American suffragist and teacher

Catharine Paine Blaine was an American suffragist, abolitionist, teacher, and early pioneer. She is one of the 100 signers of the Declaration of Sentiments and was the first schoolteacher in Seattle.

== Life and work ==

Catharine Paine was born on December 14, 1829 in Amenia, New York. Her parents were both abolitionists, and her family moved to progressive Seneca Falls, New York when she was young. Growing up, Blaine wrote in her diary about opposition to slavery and her impressions from reading Uncle Tom's Cabin.

In 1848, Blaine was a signer of the Declaration of Sentiments at the Seneca Falls Convention, one of two teenagers to sign. This document called for the granting of equal rights between men and women. She also was an adopter of the Bloomer Costume, which favored short skirts for women over long pants.

Catharine married minister David Blaine in 1853, and they both moved to Seattle. Upon arriving, she and her husband stayed with Mary and Arthur Denny, who was a member of the Seattle legislature. Arthur introduced a bill in 1854 granting women the right to vote, but the bill failed to pass. Blaine is credited with bringing the ideas of the Seneca Falls Convention to the Washington territories.

In 1854, Blaine became Seattle's first schoolteacher, eventually teaching grade school out of her own house.
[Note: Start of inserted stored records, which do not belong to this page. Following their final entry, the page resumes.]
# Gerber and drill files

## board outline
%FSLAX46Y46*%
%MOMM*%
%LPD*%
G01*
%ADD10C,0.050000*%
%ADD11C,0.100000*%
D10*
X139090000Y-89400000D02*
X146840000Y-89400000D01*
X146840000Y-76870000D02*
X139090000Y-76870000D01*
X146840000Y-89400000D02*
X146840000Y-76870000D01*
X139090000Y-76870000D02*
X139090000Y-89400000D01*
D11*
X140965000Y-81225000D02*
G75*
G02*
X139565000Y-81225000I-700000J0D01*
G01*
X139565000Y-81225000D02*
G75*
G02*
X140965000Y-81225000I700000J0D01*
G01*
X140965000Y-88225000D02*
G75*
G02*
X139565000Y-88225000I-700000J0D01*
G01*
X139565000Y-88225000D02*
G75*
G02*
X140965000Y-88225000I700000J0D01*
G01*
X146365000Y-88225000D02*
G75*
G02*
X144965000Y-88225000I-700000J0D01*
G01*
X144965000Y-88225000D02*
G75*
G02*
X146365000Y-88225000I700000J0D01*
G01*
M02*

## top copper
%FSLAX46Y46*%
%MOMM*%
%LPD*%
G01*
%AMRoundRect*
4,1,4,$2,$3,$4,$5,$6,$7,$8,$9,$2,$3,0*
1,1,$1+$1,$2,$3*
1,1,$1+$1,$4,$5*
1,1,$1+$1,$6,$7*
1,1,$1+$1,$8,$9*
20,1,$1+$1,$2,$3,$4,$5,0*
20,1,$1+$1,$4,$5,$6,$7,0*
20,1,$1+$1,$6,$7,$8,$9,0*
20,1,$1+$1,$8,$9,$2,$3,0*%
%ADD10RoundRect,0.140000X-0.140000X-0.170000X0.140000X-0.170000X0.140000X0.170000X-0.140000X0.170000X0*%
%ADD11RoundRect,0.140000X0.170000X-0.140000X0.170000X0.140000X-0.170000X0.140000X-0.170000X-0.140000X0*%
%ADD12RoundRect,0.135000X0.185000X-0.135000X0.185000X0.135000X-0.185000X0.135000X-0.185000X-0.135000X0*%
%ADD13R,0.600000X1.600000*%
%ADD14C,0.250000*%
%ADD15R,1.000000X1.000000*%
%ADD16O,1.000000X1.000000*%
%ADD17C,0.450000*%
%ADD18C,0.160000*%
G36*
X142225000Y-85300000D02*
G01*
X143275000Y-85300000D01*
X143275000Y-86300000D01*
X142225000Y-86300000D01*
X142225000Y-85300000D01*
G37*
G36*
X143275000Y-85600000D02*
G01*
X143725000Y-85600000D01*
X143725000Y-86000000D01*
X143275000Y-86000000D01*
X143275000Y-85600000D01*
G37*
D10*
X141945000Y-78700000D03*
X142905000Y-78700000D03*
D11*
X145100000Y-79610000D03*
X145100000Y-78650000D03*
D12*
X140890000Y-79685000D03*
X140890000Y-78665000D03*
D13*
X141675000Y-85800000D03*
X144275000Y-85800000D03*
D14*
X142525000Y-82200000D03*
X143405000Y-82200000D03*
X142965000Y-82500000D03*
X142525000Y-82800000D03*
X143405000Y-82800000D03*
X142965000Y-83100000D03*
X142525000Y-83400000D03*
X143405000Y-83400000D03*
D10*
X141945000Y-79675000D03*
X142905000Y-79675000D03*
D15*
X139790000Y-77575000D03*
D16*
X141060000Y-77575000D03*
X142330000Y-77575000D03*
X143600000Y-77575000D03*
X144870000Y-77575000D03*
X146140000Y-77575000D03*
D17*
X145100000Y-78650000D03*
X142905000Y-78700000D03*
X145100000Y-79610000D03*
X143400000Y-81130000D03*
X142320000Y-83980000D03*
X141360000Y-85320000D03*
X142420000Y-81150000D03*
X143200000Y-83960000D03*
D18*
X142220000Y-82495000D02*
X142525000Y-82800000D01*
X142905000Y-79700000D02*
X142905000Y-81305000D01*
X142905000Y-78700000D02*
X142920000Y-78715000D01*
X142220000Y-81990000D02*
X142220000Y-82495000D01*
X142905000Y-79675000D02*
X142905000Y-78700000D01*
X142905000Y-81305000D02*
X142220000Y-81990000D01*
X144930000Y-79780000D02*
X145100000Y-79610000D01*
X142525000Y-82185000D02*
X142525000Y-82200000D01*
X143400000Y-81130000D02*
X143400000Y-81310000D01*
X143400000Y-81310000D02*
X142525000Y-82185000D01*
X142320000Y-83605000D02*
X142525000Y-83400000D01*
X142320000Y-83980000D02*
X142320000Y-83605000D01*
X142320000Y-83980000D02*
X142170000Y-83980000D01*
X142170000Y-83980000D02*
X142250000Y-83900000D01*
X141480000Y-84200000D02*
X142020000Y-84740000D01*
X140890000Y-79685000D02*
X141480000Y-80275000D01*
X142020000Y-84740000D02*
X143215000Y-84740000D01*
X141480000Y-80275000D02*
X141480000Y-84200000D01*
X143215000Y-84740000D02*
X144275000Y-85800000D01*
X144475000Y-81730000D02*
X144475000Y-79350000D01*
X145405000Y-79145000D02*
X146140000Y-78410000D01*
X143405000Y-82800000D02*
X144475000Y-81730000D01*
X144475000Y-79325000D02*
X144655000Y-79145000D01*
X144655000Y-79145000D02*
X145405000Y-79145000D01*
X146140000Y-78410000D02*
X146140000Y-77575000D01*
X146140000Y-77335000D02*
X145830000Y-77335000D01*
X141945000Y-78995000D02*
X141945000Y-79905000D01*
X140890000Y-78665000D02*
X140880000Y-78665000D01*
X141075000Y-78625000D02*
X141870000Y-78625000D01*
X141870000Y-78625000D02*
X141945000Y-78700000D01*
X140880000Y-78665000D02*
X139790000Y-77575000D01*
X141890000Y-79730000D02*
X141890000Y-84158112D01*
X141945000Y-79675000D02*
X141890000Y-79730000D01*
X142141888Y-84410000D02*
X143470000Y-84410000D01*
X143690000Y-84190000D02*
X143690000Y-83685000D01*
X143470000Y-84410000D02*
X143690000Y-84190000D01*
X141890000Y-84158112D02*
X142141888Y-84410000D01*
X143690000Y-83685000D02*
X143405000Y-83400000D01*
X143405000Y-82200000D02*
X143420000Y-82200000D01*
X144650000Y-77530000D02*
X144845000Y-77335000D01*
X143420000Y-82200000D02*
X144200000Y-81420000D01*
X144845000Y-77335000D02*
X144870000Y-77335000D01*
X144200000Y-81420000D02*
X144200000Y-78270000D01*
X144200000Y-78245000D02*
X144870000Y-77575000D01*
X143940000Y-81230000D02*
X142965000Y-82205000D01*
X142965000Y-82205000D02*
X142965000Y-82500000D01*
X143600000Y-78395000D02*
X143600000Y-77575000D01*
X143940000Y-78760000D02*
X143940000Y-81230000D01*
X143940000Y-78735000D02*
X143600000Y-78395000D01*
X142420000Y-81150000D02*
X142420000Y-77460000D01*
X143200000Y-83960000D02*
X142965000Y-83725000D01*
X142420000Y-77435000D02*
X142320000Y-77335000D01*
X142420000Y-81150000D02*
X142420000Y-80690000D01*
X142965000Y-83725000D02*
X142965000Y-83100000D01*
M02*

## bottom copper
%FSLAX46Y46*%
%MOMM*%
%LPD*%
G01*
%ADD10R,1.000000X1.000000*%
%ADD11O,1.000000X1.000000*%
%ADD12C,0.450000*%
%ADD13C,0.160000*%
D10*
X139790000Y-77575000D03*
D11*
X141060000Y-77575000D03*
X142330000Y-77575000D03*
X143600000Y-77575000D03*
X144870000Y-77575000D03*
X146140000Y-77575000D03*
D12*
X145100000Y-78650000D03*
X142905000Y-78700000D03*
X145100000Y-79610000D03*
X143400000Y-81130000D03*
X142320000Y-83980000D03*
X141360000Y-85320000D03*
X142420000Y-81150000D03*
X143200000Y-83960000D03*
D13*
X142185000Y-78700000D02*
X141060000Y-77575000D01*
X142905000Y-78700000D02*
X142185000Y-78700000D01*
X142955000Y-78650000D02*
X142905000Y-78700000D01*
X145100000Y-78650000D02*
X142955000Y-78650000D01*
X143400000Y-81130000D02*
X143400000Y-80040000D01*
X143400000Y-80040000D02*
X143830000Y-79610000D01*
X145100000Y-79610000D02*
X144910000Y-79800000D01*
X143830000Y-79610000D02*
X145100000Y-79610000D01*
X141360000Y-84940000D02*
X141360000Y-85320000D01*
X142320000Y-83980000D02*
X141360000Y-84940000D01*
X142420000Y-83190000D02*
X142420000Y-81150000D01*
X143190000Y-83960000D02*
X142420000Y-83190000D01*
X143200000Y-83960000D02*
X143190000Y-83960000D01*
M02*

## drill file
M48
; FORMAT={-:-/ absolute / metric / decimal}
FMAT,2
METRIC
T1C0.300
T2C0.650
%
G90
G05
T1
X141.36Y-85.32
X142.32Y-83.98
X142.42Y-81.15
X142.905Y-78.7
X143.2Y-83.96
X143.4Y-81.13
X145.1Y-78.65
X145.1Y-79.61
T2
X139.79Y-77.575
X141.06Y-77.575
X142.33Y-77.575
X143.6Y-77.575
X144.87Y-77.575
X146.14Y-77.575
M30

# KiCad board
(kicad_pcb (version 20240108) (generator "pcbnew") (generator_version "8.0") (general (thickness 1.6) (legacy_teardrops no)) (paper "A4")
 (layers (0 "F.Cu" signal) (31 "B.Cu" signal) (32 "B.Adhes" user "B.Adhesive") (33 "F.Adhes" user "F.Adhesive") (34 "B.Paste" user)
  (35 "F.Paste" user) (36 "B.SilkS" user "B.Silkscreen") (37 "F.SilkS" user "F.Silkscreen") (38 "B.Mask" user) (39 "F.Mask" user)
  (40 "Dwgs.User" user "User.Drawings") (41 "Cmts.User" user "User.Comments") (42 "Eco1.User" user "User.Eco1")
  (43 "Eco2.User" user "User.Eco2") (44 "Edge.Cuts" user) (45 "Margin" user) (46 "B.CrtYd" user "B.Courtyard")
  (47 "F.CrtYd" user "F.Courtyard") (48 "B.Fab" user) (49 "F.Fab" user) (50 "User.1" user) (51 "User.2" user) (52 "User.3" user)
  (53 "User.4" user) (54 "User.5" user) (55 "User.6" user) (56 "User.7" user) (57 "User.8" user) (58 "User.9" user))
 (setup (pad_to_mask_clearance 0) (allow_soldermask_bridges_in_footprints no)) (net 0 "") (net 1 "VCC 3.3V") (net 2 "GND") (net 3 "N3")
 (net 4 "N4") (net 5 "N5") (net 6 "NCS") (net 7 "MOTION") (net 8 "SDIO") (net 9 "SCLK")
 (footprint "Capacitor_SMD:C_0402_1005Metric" (layer "F.Cu") (at 142.425 78.7)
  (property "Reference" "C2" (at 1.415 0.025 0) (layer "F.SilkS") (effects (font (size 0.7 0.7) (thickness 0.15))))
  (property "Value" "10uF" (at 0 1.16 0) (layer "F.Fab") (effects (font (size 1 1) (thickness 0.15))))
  (pad "1" smd roundrect (at -0.48 0) (size 0.56 0.62) (layers "F.Cu" "F.Paste" "F.Mask") (roundrect_rratio 0.25) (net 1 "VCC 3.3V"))
  (pad "2" smd roundrect (at 0.48 0) (size 0.56 0.62) (layers "F.Cu" "F.Paste" "F.Mask") (roundrect_rratio 0.25) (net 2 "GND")))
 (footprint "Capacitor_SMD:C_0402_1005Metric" (layer "F.Cu") (at 145.1 79.13 90)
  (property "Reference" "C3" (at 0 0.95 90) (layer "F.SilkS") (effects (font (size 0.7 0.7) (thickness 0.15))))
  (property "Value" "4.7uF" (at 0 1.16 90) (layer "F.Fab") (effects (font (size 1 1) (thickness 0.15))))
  (pad "1" smd roundrect (at -0.48 0 90) (size 0.56 0.62) (layers "F.Cu" "F.Paste" "F.Mask") (roundrect_rratio 0.25) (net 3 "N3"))
  (pad "2" smd roundrect (at 0.48 0 90) (size 0.56 0.62) (layers "F.Cu" "F.Paste" "F.Mask") (roundrect_rratio 0.25) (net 2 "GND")))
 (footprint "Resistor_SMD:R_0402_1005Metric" (layer "F.Cu") (at 140.89 79.175 90)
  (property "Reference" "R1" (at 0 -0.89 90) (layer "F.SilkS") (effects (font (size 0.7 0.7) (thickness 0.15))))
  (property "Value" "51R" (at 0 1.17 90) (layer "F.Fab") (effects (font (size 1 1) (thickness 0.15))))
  (pad "1" smd roundrect (at -0.51 0 90) (size 0.54 0.64) (layers "F.Cu" "F.Paste" "F.Mask") (roundrect_rratio 0.25) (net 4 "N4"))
During this time period, Blaine wrote numerous letters back to family and friends in New York, providing insight into pioneering life. Blaine also expressed racist sentiment towards Native Americans, and moved to Portland after the Battle of Seattle in 1856. They returned to Seattle in 1882.

Women were not granted the right to vote in the Washington Territories until 1883. Blaine's name appears on the 1885 voter registration roles from Seattle's Third Ward, becoming the first woman signer of the Declaration of Sentiments to officially register to vote. However, it is not definitively established if Blaine actually cast a vote.

== Death and legacy ==

Blaine died at her family home on March 9, 1908 in Seattle.

Stephanie Rogers writes that Blaine's progressive ideals and dedication to women's suffrage "denote a compassionate and thinking woman of unusual intelligence". She is called a "woman of firsts", both signing the Declaration of Sentiments and opening the first school within Seattle, the latter of which is remembered through the naming of the Catharine Blaine Elementary School in Magnolia.